Right after Joe and I moved to Seattle, we went to the state fair, my first one ever. It has since become a tradition. Of course this native New Yorker was horrified at the parolee vibe and average weight of my fellow milling attendees. Around every corner, teardrop trailers sold raspberry scones. PRIDE OF WASHINGTON, the signs beamed. I thought, How sad for Washington State, to be so proud over so little.
Such could be said of the entertainment offered. We were expected to marvel over goats in pens, be amazed at vegetables arranged to look like the Washington State flag, gather around for jewelry-cleaning demos. I must have been on my feet too long, or maybe it was the September heat, but when I saw the genuine delight Joe took in cheering his entry in a pig race (“Look at that! They
’re chasing an Oreo!”), my defenses went kaput. I actually felt at one with the doughy white mass of humanity, these Washingtonians with their guns and Jesus and BluBlockers.
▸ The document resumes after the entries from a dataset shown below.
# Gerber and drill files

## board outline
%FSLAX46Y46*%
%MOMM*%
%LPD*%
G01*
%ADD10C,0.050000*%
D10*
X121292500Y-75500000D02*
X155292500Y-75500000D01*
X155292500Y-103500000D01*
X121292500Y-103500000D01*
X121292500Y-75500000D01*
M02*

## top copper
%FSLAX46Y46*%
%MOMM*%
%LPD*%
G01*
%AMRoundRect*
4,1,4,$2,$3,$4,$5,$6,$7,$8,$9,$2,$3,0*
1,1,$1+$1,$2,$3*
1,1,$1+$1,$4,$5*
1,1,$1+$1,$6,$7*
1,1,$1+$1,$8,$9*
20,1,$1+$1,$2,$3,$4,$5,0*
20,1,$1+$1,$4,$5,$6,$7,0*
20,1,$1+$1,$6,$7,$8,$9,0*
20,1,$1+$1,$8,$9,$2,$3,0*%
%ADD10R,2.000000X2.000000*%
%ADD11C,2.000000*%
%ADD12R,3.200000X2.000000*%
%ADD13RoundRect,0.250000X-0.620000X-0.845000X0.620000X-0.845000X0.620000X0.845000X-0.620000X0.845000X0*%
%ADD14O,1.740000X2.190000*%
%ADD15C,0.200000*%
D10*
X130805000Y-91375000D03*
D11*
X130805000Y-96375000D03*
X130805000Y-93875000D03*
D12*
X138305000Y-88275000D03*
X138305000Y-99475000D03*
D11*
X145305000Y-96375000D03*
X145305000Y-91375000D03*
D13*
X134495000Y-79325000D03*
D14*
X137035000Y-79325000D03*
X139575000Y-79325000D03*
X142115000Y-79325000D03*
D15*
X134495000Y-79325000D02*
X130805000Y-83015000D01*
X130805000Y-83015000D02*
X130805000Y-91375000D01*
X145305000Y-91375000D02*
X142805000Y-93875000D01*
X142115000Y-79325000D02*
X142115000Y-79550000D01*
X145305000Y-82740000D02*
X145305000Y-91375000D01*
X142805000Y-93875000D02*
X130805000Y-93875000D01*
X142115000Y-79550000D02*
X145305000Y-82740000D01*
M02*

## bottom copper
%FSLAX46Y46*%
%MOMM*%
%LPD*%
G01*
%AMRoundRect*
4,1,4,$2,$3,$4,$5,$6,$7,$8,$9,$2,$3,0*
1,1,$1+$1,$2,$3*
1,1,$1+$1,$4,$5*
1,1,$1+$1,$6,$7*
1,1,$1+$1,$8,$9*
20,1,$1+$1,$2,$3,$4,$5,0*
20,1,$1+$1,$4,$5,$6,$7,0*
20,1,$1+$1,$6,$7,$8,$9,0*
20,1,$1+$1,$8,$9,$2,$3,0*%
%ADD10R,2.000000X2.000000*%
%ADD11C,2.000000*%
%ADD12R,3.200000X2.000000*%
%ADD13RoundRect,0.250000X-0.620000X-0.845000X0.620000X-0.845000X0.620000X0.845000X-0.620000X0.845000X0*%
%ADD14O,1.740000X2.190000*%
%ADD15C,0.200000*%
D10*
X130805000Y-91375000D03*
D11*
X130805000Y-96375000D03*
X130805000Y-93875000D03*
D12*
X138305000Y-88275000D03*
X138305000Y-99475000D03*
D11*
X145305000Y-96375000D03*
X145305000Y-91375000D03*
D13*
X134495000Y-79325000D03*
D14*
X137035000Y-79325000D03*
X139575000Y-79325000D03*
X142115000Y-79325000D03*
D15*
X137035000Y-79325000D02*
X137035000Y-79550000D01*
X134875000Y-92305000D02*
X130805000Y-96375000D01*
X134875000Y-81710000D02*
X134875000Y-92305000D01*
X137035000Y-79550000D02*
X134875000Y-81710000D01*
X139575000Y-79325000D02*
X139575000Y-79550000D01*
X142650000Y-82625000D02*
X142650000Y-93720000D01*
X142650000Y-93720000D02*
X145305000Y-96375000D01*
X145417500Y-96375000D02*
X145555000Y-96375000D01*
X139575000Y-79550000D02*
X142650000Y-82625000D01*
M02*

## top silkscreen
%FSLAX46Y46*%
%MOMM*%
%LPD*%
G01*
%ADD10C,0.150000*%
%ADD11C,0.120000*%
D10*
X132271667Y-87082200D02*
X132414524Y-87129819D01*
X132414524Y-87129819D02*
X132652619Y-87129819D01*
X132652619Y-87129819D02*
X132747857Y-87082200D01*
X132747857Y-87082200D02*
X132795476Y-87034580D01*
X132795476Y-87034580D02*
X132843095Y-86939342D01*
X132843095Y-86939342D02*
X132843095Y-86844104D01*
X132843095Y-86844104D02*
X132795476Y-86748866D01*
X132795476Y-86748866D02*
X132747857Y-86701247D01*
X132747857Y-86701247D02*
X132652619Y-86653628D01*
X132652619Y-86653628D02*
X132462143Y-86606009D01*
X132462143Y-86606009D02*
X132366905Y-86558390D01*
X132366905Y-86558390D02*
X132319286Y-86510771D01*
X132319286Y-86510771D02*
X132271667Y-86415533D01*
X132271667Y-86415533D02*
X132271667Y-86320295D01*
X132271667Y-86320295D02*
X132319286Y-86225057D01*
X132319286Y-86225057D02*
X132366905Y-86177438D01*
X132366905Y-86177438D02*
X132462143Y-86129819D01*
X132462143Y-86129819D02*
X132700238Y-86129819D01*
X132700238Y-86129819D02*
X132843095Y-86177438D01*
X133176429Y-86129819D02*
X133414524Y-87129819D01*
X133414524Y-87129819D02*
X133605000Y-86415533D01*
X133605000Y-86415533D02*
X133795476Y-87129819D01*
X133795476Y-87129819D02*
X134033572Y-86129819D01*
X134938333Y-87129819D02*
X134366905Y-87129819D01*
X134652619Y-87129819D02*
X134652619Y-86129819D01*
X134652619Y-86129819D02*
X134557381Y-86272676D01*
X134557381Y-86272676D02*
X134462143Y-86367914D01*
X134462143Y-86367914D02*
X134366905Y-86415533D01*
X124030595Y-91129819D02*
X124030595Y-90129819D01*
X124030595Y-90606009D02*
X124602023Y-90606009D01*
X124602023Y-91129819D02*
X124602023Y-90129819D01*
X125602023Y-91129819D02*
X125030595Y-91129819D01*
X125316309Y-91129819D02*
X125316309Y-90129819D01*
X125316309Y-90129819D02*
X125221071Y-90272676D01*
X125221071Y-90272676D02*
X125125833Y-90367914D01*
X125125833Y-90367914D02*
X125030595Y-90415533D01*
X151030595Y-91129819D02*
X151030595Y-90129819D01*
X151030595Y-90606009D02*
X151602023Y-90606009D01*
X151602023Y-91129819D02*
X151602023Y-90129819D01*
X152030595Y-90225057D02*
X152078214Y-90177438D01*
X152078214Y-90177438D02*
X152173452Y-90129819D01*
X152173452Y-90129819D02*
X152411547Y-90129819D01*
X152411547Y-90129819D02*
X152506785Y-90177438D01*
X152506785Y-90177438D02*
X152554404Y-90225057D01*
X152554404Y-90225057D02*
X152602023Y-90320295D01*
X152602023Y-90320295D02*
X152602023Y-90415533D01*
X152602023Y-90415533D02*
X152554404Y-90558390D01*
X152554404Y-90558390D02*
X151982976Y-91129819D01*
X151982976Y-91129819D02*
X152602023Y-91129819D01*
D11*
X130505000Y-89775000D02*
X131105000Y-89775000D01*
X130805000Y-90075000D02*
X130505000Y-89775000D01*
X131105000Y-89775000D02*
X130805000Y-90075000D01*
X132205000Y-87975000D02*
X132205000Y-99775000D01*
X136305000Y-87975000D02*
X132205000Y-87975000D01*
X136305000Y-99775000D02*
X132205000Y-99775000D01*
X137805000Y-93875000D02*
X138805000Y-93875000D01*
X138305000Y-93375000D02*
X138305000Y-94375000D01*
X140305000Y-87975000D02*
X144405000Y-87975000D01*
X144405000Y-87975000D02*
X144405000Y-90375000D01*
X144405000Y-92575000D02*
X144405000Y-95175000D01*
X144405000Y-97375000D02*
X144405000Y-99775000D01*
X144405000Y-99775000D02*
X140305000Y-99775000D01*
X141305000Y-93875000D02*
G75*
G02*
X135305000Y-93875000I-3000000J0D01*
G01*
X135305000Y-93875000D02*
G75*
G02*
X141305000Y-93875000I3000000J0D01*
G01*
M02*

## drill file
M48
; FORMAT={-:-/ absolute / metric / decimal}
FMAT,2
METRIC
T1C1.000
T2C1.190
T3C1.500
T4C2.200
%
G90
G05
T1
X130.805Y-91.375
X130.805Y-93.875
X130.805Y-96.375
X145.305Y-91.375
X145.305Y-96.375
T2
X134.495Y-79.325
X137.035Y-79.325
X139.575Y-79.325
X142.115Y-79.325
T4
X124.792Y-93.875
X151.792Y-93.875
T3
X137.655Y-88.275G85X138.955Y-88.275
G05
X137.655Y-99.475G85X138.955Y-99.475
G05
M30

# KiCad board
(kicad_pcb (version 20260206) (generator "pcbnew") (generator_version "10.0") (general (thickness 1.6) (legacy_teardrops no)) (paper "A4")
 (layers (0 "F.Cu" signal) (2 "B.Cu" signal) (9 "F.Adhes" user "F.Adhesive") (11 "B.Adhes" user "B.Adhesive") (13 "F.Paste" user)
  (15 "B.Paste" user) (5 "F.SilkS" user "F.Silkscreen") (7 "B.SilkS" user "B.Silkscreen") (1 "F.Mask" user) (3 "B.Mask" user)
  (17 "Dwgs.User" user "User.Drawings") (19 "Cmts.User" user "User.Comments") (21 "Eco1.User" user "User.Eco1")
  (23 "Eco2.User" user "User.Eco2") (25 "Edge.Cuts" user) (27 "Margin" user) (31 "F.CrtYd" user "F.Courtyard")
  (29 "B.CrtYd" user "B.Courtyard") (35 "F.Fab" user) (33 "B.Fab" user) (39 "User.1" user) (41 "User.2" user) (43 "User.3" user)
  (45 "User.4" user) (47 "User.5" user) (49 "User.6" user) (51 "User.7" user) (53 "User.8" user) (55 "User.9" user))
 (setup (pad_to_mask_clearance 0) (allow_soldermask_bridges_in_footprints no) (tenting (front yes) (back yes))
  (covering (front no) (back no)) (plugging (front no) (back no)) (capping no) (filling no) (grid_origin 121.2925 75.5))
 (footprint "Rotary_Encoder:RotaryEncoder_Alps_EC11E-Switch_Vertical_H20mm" (layer "F.Cu") (at 130.805 91.375)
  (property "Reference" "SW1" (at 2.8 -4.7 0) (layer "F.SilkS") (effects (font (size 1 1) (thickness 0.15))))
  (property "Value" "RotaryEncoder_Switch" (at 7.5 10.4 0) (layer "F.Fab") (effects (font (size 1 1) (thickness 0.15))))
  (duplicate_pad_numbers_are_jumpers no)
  (fp_line (start -0.3 -1.6) (end 0.3 -1.6) (stroke (width 0.12) (type solid)) (layer "F.SilkS"))
  (fp_line (start 0 -1.3) (end -0.3 -1.6) (stroke (width 0.12) (type solid)) (layer "F.SilkS"))
  (fp_line (start 0.3 -1.6) (end 0 -1.3) (stroke (width 0.12) (type solid)) (layer "F.SilkS"))
  (fp_line (start 1.4 -3.4) (end 1.4 8.4) (stroke (width 0.12) (type solid)) (layer "F.SilkS"))
  (fp_line (start 5.5 -3.4) (end 1.4 -3.4) (stroke (width 0.12) (type solid)) (layer "F.SilkS"))
  (fp_line (start 5.5 8.4) (end 1.4 8.4) (stroke (width 0.12) (type solid)) (layer "F.SilkS"))
  (fp_line (start 7 2.5) (end 8 2.5) (stroke (width 0.12) (type solid)) (layer "F.SilkS"))
  (fp_line (start 7.5 2) (end 7.5 3) (stroke (width 0.12) (type solid)) (layer "F.SilkS"))
  (fp_line (start 9.5 -3.4) (end 13.6 -3.4) (stroke (width 0.12) (type solid)) (layer "F.SilkS"))
  (fp_line (start 13.6 -3.4) (end 13.6 -1) (stroke (width 0.12) (type solid)) (layer "F.SilkS"))
  (fp_line (start 13.6 1.2) (end 13.6 3.8) (stroke (width 0.12) (type solid)) (layer "F.SilkS"))
  (fp_line (start 13.6 6) (end 13.6 8.4) (stroke (width 0.12) (type solid)) (layer "F.SilkS"))
  (fp_line (start 13.6 8.4) (end 9.5 8.4) (stroke (width 0.12) (type solid)) (layer "F.SilkS"))
  (fp_circle (center 7.5 2.5) (end 10.5 2.5) (stroke (width 0.12) (type solid)) (fill no) (layer "F.SilkS"))
  (pad "A" thru_hole rect (at 0 0) (size 2 2) (drill 1) (layers "*.Cu" "*.Mask") (remove_unused_layers no) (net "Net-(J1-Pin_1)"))
  (pad "B" thru_hole circle (at 0 5) (size 2 2) (drill 1) (layers "*.Cu" "*.Mask") (remove_unused_layers no) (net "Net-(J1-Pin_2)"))
  (pad "C" thru_hole circle (at 0 2.5) (size 2 2) (drill 1) (layers "*.Cu" "*.Mask") (remove_unused_layers no) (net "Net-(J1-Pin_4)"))
  (pad "MP" thru_hole rect (at 7.5 -3.1) (size 3.2 2) (drill oval 2.8 1.5) (layers "*.Cu" "*.Mask") (remove_unused_layers no))
  (pad "MP" thru_hole rect (at 7.5 8.1) (size 3.2 2) (drill oval 2.8 1.5) (layers "*.Cu" "*.Mask") (remove_unused_layers no))
  (pad "S1" thru_hole circle (at 14.5 5) (size 2 2) (drill 1) (layers "*.Cu" "*.Mask") (remove_unused_layers no) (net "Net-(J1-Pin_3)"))
  (pad "S2" thru_hole circle (at 14.5 0) (size 2 2) (drill 1) (layers "*.Cu" "*.Mask") (remove_unused_layers no) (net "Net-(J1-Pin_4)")))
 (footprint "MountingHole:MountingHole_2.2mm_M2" (layer "F.Cu") (at 124.7925 93.875)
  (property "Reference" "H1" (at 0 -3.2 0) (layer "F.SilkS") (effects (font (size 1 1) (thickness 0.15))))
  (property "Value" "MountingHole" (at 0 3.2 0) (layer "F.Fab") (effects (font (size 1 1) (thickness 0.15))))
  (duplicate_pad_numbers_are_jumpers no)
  (pad "" np_thru_hole circle (at 0 0) (size 2.2 2.2) (drill 2.2) (layers "*.Cu" "*.Mask")))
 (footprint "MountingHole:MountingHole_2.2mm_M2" (layer "F.Cu") (at 151.7925 93.875)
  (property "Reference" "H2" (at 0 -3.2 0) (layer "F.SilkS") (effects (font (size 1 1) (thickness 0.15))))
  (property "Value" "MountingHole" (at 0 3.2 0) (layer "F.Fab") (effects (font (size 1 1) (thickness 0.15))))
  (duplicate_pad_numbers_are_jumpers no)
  (pad "" np_thru_hole circle (at 0 0) (size 2.2 2.2) (drill 2.2) (layers "*.Cu" "*.Mask")))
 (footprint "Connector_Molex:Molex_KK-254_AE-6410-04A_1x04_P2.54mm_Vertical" (layer "B.Cu") (at 134.495 79.325)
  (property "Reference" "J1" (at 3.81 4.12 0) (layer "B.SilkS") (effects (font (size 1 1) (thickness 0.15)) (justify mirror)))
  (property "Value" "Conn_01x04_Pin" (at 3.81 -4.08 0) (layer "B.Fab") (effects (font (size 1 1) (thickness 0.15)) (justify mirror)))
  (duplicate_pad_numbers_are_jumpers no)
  (pad "1" thru_hole roundrect (at 0 0) (size 1.74 2.19) (drill 1.19) (layers "*.Cu" "*.Mask") (remove_unused_layers no)
   (roundrect_rratio 0.1436781609) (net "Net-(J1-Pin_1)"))
  (pad "2" thru_hole oval (at 2.54 0) (size 1.74 2.19) (drill 1.19) (layers "*.Cu" "*.Mask") (remove_unused_layers no)
   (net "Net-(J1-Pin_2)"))
  (pad "3" thru_hole oval (at 5.08 0) (size 1.74 2.19) (drill 1.19) (layers "*.Cu" "*.Mask") (remove_unused_layers no)
   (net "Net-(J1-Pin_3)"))
  (pad "4" thru_hole oval (at 7.62 0) (size 1.74 2.19) (drill 1.19) (layers "*.Cu" "*.Mask") (remove_unused_layers no)
   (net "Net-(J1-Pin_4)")))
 (gr_rect (start 121.2925 75.5) (end 155.2925 103.5) (stroke (width 0.05) (type default)) (fill no) (layer "Edge.Cuts"))
 (segment (start 134.495 79.325) (end 130.805 83.015) (width 0.2) (layer "F.Cu") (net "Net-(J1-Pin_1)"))
 (segment (start 130.805 83.015) (end 130.805 91.375) (width 0.2) (layer "F.Cu") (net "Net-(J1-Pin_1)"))
 (segment (start 137.035 79.325) (end 137.035 79.55) (width 0.2) (layer "B.Cu") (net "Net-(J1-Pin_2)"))
 (segment (start 134.875 92.305) (end 130.805 96.375) (width 0.2) (layer "B.Cu") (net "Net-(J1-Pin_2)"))
 (segment (start 134.875 81.71) (end 134.875 92.305) (width 0.2) (layer "B.Cu") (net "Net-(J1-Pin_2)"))
 (segment (start 137.035 79.55) (end 134.875 81.71) (width 0.2) (layer "B.Cu") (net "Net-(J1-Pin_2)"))
 (segment (start 145.305 91.375) (end 142.805 93.875) (width 0.2) (layer "F.Cu") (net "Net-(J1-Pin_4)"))
 (segment (start 142.115 79.325) (end 142.115 79.55) (width 0.2) (layer "F.Cu") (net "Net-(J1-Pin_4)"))
 (segment (start 145.305 82.74) (end 145.305 91.375) (width 0.2) (layer "F.Cu") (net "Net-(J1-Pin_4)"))
 (segment (start 142.805 93.875) (end 130.805 93.875) (width 0.2) (layer "F.Cu") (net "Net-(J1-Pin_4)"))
And I thought, How sad for you, New York City, you self-absorbed crack whore, with your status-obsessed, edgy, darting eyes, your choked sidewalks, your cancerously reproducing starchitect-designed Prada stores, your breathless yak about real estate prices drowning out all civilized conversation, your deafening restaurants impossible to get into, your cheap TV stars muscling out real talent on Broadway, your smelly streets clogged with blacker SUVs with darker-tinted windows ferrying richer and richer hedge-fund creeps. And where does it leave you? Still chasing yesterday’s high.
In that moment I loved our new life in dumpy Washington State and especially Joe for dragging me here and saving me from my Manhattan-centric worst self.
“Remember how last year you wouldn’t let me get a funnel cake?” was Timby’s takeaway. He passed the photo back up.
“Why are you sad?” Timby asked.
“I worry I haven’t been paying enough attention to your dad,” I said.
“It’s okay, Mama. That’s just how you are.”
I pulled over and rested my forehead on the steering wheel. My breath flittered about high in my chest.
“I don’t want to be that way,” I said, tears filling my voice. “I really don’t.”
I unbuckled my seat belt and turned around.
“What are you doing?” Timby asked, his voice edged with alarm.
I was all butt as I attempted to clamber into the back.
“I need to hold you,” I grunted, struggling to pull my foot up and over.
“Don’t,” Timby said, a sitting duck in his car seat. “Mom, stop.”
“I want to be worthy of you,” I said, panting like childbirth. “You deserve better than me.” I became stuck between the console and the roof in an unsightly gargoyle crouch.
“Oh God, look at me,” I cried. “I don’t know what I’m doing!”
“Neither do I,” he said. “Go back.”
I screwed my shoulders around to face front. Timby’s foot gave me a shove into the driver’s seat.
I grabbed my hair at my scalp. “And now on top of everything, I just acted really weird and scary.”